Japanese pharmaceutical company Eisai, meanwhile, has begun construction work on a new $200 million European headquarters and manufacturing centre at Hatfield in Hertfordshire in Eastern England. The centre is due to commence operations in 2008, producing drugs such as Aricept and Aciphex for stomach ulcers, and will create 500 new jobs. Eisai, which specialises in drugs for pain relief, stomach ulcers and conditions such as Alzheimer’s and epilepsy, already has laboratories at University College London which carry out research into neurodegenerative diseases. The company’s president, Haruo Naito, said that it was attracted by the UK’s scientific skills base. “The UK has an excellent reputation for scientific innovation, especially in the area of life sciences,” he commented.


London office rents set to rise further
The availability of prime commercial property in the Central London office market fell in 2006 as take-up continued to increase, according to the latest core property survey from consultants DTZ Research. Rents have risen due to a shortage of Grade A space, a trend that DTZ predicts will continue into 2007, although a marked increase in development completions is expected in 2008, especially in the City. Availability at the end of 2006 was 13.6 million sq ft, a fall of 11 per cent from 15.3 million sq ft at the end of the third quarter.

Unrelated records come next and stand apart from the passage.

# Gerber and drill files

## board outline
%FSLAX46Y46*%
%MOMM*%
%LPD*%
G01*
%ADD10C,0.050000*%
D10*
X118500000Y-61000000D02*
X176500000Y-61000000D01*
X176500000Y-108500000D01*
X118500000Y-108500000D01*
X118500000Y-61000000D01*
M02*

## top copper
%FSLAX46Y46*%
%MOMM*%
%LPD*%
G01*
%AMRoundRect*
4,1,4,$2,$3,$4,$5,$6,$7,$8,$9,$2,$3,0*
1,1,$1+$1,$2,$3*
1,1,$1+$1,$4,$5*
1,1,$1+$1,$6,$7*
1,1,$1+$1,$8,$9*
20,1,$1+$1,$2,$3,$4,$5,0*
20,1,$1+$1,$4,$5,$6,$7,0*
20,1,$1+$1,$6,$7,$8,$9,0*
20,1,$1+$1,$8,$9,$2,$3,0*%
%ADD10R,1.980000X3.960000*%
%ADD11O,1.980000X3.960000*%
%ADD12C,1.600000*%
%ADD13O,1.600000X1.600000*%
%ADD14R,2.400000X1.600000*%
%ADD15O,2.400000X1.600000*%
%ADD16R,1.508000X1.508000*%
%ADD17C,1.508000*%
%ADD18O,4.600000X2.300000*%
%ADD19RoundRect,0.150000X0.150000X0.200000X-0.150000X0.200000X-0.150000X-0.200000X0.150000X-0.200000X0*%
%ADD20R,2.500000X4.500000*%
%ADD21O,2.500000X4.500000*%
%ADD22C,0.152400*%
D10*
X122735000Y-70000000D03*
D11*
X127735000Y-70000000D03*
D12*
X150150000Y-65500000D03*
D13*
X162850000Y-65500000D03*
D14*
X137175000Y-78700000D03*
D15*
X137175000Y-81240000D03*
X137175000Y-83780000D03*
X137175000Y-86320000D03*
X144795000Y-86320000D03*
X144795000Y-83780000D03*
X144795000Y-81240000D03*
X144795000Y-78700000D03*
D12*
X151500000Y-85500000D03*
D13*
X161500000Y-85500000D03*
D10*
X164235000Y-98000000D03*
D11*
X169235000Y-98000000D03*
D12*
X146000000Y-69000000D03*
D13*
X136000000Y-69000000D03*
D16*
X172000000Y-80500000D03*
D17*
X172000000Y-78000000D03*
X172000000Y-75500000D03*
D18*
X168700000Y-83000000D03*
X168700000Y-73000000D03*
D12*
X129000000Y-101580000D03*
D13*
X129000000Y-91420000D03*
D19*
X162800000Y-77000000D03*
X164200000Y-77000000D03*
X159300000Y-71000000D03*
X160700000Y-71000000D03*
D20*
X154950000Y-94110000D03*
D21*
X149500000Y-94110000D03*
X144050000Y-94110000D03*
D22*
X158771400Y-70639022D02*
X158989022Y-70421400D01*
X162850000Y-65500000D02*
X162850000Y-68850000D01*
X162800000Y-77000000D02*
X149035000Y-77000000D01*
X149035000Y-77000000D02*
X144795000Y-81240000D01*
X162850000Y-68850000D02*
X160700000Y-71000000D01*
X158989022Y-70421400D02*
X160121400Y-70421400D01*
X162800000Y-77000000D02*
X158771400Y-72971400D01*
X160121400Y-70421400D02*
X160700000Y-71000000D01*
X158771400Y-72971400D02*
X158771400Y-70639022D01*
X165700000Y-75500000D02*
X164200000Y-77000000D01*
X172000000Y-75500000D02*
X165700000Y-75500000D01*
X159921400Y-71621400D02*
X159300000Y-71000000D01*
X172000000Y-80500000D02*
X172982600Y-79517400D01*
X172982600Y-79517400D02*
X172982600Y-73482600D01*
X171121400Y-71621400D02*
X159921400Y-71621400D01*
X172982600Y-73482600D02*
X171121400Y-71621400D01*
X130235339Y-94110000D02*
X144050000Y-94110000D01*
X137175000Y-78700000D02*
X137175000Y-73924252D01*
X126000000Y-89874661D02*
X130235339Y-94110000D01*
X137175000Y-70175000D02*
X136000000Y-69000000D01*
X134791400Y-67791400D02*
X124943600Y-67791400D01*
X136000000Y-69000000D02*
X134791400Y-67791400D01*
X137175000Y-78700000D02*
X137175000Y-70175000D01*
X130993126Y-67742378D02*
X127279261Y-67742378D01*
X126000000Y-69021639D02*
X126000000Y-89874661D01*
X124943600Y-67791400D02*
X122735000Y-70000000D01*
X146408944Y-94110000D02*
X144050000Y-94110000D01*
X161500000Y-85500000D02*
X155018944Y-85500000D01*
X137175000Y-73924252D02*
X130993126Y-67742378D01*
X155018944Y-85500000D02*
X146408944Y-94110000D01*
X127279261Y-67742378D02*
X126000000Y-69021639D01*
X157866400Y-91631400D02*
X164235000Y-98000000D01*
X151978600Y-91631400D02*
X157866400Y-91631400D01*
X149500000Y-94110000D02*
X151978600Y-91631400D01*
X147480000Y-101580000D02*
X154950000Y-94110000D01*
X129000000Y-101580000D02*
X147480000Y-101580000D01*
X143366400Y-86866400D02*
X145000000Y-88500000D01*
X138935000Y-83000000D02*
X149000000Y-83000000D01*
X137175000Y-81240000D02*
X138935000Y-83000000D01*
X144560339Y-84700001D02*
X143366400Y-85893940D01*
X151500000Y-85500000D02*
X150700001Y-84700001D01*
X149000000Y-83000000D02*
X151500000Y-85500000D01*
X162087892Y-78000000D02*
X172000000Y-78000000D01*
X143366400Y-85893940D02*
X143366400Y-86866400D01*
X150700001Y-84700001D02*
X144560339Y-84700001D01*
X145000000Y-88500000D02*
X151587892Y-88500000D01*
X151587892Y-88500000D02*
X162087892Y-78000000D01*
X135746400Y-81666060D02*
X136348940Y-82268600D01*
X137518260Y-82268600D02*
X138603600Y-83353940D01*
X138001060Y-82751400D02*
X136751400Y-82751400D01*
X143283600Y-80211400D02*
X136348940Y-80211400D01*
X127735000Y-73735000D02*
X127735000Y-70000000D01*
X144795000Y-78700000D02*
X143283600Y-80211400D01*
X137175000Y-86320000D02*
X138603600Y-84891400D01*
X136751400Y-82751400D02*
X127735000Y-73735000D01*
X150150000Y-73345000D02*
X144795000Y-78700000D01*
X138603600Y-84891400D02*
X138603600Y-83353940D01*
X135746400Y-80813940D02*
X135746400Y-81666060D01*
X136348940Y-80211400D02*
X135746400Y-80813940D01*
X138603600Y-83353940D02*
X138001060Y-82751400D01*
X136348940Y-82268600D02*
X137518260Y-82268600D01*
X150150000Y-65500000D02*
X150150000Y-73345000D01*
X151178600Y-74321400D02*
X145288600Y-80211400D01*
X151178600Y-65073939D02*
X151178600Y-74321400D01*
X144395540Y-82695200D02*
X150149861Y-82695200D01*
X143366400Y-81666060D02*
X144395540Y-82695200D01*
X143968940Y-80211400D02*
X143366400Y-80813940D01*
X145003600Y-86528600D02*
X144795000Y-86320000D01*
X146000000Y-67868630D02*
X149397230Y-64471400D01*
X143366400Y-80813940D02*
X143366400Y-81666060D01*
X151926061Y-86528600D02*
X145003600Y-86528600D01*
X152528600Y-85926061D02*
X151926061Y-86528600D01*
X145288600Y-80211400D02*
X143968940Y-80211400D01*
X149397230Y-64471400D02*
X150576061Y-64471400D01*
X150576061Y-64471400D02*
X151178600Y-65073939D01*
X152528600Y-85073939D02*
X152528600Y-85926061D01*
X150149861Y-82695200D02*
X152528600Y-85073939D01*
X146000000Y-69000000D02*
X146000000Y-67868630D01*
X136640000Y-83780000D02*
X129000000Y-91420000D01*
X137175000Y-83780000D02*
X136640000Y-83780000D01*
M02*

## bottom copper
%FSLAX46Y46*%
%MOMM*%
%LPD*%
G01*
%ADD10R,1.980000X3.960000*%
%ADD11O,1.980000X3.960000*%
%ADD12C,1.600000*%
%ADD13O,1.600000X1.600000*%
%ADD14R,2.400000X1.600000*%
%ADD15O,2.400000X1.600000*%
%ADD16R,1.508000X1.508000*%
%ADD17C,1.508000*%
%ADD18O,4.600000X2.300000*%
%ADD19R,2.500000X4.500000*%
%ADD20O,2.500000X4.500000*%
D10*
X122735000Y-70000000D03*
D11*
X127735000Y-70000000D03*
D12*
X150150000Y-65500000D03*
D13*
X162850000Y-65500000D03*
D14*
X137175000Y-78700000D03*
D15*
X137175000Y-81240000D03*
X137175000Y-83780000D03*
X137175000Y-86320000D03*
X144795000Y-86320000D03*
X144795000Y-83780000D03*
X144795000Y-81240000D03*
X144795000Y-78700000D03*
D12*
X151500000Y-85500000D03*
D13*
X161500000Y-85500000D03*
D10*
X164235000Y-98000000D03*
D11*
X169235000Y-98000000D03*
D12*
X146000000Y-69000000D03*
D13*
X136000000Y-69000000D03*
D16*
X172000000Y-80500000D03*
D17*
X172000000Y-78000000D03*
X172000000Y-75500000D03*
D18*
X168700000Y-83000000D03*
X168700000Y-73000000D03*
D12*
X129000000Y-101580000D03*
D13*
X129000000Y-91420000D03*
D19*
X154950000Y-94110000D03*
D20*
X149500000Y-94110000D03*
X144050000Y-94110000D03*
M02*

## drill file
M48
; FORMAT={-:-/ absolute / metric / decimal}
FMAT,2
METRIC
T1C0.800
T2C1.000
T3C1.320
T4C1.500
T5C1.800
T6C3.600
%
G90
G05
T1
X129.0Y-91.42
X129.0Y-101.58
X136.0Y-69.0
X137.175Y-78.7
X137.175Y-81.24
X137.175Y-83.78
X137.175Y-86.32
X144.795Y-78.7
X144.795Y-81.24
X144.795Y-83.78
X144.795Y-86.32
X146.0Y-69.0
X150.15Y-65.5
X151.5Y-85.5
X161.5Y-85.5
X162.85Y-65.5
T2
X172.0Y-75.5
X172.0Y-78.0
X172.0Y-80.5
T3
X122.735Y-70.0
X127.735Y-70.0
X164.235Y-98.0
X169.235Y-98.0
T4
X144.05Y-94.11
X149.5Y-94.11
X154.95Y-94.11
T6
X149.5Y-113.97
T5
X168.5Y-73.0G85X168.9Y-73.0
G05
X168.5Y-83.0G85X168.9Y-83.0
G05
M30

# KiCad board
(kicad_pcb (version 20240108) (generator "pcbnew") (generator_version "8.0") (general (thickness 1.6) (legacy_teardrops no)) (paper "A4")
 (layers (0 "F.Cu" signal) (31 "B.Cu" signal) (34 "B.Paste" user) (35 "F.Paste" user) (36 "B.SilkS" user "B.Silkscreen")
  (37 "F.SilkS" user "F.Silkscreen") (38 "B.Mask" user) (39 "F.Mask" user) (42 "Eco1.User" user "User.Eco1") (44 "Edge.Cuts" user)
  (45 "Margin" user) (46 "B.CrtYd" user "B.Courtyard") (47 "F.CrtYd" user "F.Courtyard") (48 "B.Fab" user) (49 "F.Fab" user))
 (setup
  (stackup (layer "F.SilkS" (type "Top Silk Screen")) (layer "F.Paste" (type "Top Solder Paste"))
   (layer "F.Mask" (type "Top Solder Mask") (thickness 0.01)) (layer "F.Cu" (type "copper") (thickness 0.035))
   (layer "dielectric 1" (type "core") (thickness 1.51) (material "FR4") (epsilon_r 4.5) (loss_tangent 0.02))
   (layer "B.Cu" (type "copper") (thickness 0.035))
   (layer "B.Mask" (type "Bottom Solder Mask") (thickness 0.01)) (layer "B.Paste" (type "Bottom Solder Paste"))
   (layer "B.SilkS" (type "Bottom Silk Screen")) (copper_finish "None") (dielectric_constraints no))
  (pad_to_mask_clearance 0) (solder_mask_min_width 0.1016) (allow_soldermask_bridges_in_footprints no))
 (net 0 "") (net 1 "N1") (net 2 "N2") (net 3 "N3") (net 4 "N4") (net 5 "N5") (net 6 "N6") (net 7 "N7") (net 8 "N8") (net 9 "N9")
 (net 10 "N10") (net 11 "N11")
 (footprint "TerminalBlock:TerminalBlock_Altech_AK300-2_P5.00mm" (layer "F.Cu") (at 122.735 70)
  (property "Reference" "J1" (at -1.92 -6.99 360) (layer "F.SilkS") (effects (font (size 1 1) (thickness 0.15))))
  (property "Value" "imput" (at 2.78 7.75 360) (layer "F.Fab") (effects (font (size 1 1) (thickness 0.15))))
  (pad "1" thru_hole rect (at 0 0) (size 1.98 3.96) (drill 1.32) (layers "*.Cu" "*.Mask") (remove_unused_layers no) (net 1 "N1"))
  (pad "2" thru_hole oval (at 5 0) (size 1.98 3.96) (drill 1.32) (layers "*.Cu" "*.Mask") (remove_unused_layers no) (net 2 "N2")))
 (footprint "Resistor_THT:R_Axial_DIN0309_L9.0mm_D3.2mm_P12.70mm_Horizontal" (layer "F.Cu") (at 150.15 65.5)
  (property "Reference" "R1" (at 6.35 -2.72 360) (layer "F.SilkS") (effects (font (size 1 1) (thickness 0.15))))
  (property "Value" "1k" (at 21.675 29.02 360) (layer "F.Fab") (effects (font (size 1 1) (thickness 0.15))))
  (pad "1" thru_hole circle (at 0 0) (size 1.6 1.6) (drill 0.8) (layers "*.Cu" "*.Mask") (remove_unused_layers no) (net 2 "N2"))
  (pad "2" thru_hole oval (at 12.7 0) (size 1.6 1.6) (drill 0.8) (layers "*.Cu" "*.Mask") (remove_unused_layers no) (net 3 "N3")))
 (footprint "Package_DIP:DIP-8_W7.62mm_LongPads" (layer "F.Cu") (at 137.175 78.7)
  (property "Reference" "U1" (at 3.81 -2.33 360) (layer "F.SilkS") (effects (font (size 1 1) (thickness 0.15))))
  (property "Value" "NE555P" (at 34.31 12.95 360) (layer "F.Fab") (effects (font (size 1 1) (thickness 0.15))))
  (pad "1" thru_hole rect (at 0 0) (size 2.4 1.6) (drill 0.8) (layers "*.Cu" "*.Mask") (remove_unused_layers no) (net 1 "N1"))
  (pad "2" thru_hole oval (at 0 2.54) (size 2.4 1.6) (drill 0.8) (layers "*.Cu" "*.Mask") (remove_unused_layers no) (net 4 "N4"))
  (pad "3" thru_hole oval (at 0 5.08) (size 2.4 1.6) (drill 0.8) (layers "*.Cu" "*.Mask") (remove_unused_layers no) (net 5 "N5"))
  (pad "4" thru_hole oval (at 0 7.62) (size 2.4 1.6) (drill 0.8) (layers "*.Cu" "*.Mask") (remove_unused_layers no) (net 2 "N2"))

The ratio of available space to stock is currently 6.2 per cent, the lowest since 2000, with the availability for Grade A space at 1.4 per cent.

Take-up saw a surge in the fourth quarter to take the total for 2006 to 16 million sq ft, up from 13.8 million sq ft in 2005. There were a significant number of major pre-lets, particularly in Docklands and fringe areas. Docklands had its best year in terms of take-up since 2001, and the City recorded its highest letting levels since 2000, reflecting the strong performance of global capital markets. West End areas such as Mayfair and St James’s are also emerging as significant bases for financial services companies.

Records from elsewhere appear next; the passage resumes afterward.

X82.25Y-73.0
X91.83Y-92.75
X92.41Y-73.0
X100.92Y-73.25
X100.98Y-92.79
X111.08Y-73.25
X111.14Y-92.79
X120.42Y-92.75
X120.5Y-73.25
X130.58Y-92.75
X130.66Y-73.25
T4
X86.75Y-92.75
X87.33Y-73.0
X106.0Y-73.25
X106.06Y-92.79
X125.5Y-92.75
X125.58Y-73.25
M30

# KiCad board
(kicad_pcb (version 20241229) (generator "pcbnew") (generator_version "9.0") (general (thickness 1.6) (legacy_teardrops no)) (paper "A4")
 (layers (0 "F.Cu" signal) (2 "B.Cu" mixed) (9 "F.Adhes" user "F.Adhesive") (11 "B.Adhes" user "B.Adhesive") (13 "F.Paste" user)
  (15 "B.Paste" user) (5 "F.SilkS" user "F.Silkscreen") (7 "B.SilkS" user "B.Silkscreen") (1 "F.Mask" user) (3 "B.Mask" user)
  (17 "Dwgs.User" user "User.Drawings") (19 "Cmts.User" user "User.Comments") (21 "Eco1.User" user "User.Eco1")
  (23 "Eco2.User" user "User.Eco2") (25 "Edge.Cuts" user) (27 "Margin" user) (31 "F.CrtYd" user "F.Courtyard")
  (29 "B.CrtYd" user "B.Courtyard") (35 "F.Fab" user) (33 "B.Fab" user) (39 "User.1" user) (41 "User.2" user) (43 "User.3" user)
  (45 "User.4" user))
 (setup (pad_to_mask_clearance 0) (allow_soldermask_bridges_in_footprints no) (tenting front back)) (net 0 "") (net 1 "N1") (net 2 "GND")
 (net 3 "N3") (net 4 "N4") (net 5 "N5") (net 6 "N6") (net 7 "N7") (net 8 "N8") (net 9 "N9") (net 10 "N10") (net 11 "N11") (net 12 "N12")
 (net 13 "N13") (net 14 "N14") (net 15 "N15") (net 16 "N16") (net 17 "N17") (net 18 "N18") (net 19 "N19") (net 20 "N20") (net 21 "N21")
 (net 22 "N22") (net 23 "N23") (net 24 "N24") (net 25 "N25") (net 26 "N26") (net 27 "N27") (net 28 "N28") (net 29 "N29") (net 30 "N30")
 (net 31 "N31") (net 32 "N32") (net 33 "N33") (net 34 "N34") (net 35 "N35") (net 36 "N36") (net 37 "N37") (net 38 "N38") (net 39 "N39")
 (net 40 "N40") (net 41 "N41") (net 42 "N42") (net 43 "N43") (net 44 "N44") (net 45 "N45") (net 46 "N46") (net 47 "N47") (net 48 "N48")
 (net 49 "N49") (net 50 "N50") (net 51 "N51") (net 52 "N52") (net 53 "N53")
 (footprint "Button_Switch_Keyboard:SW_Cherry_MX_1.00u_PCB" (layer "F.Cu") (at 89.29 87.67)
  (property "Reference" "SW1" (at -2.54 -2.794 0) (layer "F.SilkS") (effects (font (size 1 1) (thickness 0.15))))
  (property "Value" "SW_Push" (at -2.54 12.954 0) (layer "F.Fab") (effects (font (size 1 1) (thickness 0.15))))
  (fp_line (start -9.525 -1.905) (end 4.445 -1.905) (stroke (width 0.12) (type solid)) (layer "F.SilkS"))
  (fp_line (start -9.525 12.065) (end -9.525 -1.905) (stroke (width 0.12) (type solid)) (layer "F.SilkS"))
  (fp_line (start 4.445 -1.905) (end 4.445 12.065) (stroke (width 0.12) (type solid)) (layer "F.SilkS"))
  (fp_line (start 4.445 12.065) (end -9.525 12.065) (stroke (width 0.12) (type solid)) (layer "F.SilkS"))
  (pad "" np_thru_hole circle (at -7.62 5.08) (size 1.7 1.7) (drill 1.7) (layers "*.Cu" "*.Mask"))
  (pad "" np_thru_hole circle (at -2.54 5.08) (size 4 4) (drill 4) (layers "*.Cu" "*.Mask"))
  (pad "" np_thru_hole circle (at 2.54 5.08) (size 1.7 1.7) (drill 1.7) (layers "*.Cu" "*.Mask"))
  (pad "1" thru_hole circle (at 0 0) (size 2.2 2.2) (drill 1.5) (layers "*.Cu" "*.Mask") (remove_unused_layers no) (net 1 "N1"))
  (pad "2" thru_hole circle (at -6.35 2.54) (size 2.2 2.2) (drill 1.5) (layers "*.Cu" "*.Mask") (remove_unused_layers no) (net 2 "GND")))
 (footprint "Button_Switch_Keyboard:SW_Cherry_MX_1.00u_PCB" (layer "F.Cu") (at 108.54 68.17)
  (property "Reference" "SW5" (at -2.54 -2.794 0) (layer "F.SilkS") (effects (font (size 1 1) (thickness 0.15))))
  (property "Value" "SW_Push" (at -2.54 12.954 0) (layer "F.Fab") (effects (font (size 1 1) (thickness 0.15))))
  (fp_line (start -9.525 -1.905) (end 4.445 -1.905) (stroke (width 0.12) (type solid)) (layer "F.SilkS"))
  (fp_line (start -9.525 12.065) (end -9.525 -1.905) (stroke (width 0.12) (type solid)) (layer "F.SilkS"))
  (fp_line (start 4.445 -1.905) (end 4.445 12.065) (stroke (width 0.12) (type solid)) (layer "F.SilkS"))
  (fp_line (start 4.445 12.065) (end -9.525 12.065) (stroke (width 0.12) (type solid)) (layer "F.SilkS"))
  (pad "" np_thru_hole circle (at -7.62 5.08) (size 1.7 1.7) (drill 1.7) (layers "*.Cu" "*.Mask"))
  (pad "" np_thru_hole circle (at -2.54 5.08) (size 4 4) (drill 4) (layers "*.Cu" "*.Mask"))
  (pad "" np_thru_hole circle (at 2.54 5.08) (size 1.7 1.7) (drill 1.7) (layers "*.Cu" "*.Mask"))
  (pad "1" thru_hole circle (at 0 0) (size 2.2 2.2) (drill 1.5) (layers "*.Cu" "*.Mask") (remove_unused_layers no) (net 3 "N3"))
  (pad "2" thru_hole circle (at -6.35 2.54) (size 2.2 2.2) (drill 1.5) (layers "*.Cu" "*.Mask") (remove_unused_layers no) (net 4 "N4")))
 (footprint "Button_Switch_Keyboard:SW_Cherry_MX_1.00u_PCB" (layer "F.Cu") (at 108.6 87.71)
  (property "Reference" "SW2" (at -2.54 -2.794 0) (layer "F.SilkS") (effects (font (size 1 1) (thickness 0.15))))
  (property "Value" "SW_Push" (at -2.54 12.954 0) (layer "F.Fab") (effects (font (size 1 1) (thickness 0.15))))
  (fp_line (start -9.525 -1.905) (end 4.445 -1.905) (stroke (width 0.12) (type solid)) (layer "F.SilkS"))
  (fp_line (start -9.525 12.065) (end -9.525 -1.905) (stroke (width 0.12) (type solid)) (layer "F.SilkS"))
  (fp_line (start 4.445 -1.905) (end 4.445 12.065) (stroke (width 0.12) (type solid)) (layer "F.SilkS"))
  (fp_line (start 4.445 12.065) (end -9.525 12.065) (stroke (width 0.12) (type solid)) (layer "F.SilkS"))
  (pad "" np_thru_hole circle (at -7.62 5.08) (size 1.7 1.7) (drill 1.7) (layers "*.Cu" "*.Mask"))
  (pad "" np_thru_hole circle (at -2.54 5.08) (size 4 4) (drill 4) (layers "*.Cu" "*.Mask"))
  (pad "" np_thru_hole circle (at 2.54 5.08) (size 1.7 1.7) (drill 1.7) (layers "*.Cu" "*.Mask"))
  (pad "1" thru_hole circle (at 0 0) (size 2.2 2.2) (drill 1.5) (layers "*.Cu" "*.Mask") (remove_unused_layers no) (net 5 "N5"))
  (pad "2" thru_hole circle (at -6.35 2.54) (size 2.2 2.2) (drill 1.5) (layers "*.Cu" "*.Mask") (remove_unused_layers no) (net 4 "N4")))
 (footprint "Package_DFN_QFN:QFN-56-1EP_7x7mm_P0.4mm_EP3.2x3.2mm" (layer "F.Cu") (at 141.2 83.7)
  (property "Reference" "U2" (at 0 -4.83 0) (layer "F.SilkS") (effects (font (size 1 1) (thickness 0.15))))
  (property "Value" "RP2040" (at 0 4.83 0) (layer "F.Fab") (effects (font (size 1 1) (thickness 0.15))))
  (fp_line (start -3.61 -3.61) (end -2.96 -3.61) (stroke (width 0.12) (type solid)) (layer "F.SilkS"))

Headline rents in the City rose to $110 per sq ft in Q4 2006, up from $108 per sq ft in the previous quarter, while headline rents in the West End rose from $160 to $165 per sq ft. Prime rents in Mayfair and St James’s reached $180 per sq ft. “Given the near-term shortage of Grade A space in most markets, we expect continued high rental growth in 2007,” concluded DTZ.


Prestige projects to provide quality accommodation
A number of significant new city centre and out-of-town developments are under way in northern England. In the North East, work has started on two new buildings at the Spectrum Business Park at Seaham in County Durham. The 34-acre site is being reclaimed from former colliery land and, when complete, is expected to provide up to 400,000 sq ft of quality office space. The two latest buildings, Spectrum 4 and 5, will offer 35,000 sq ft and 40,000 sq ft of space respectively, with each containing up to six self-contained office suites. Construction is scheduled for completion by the end of the year.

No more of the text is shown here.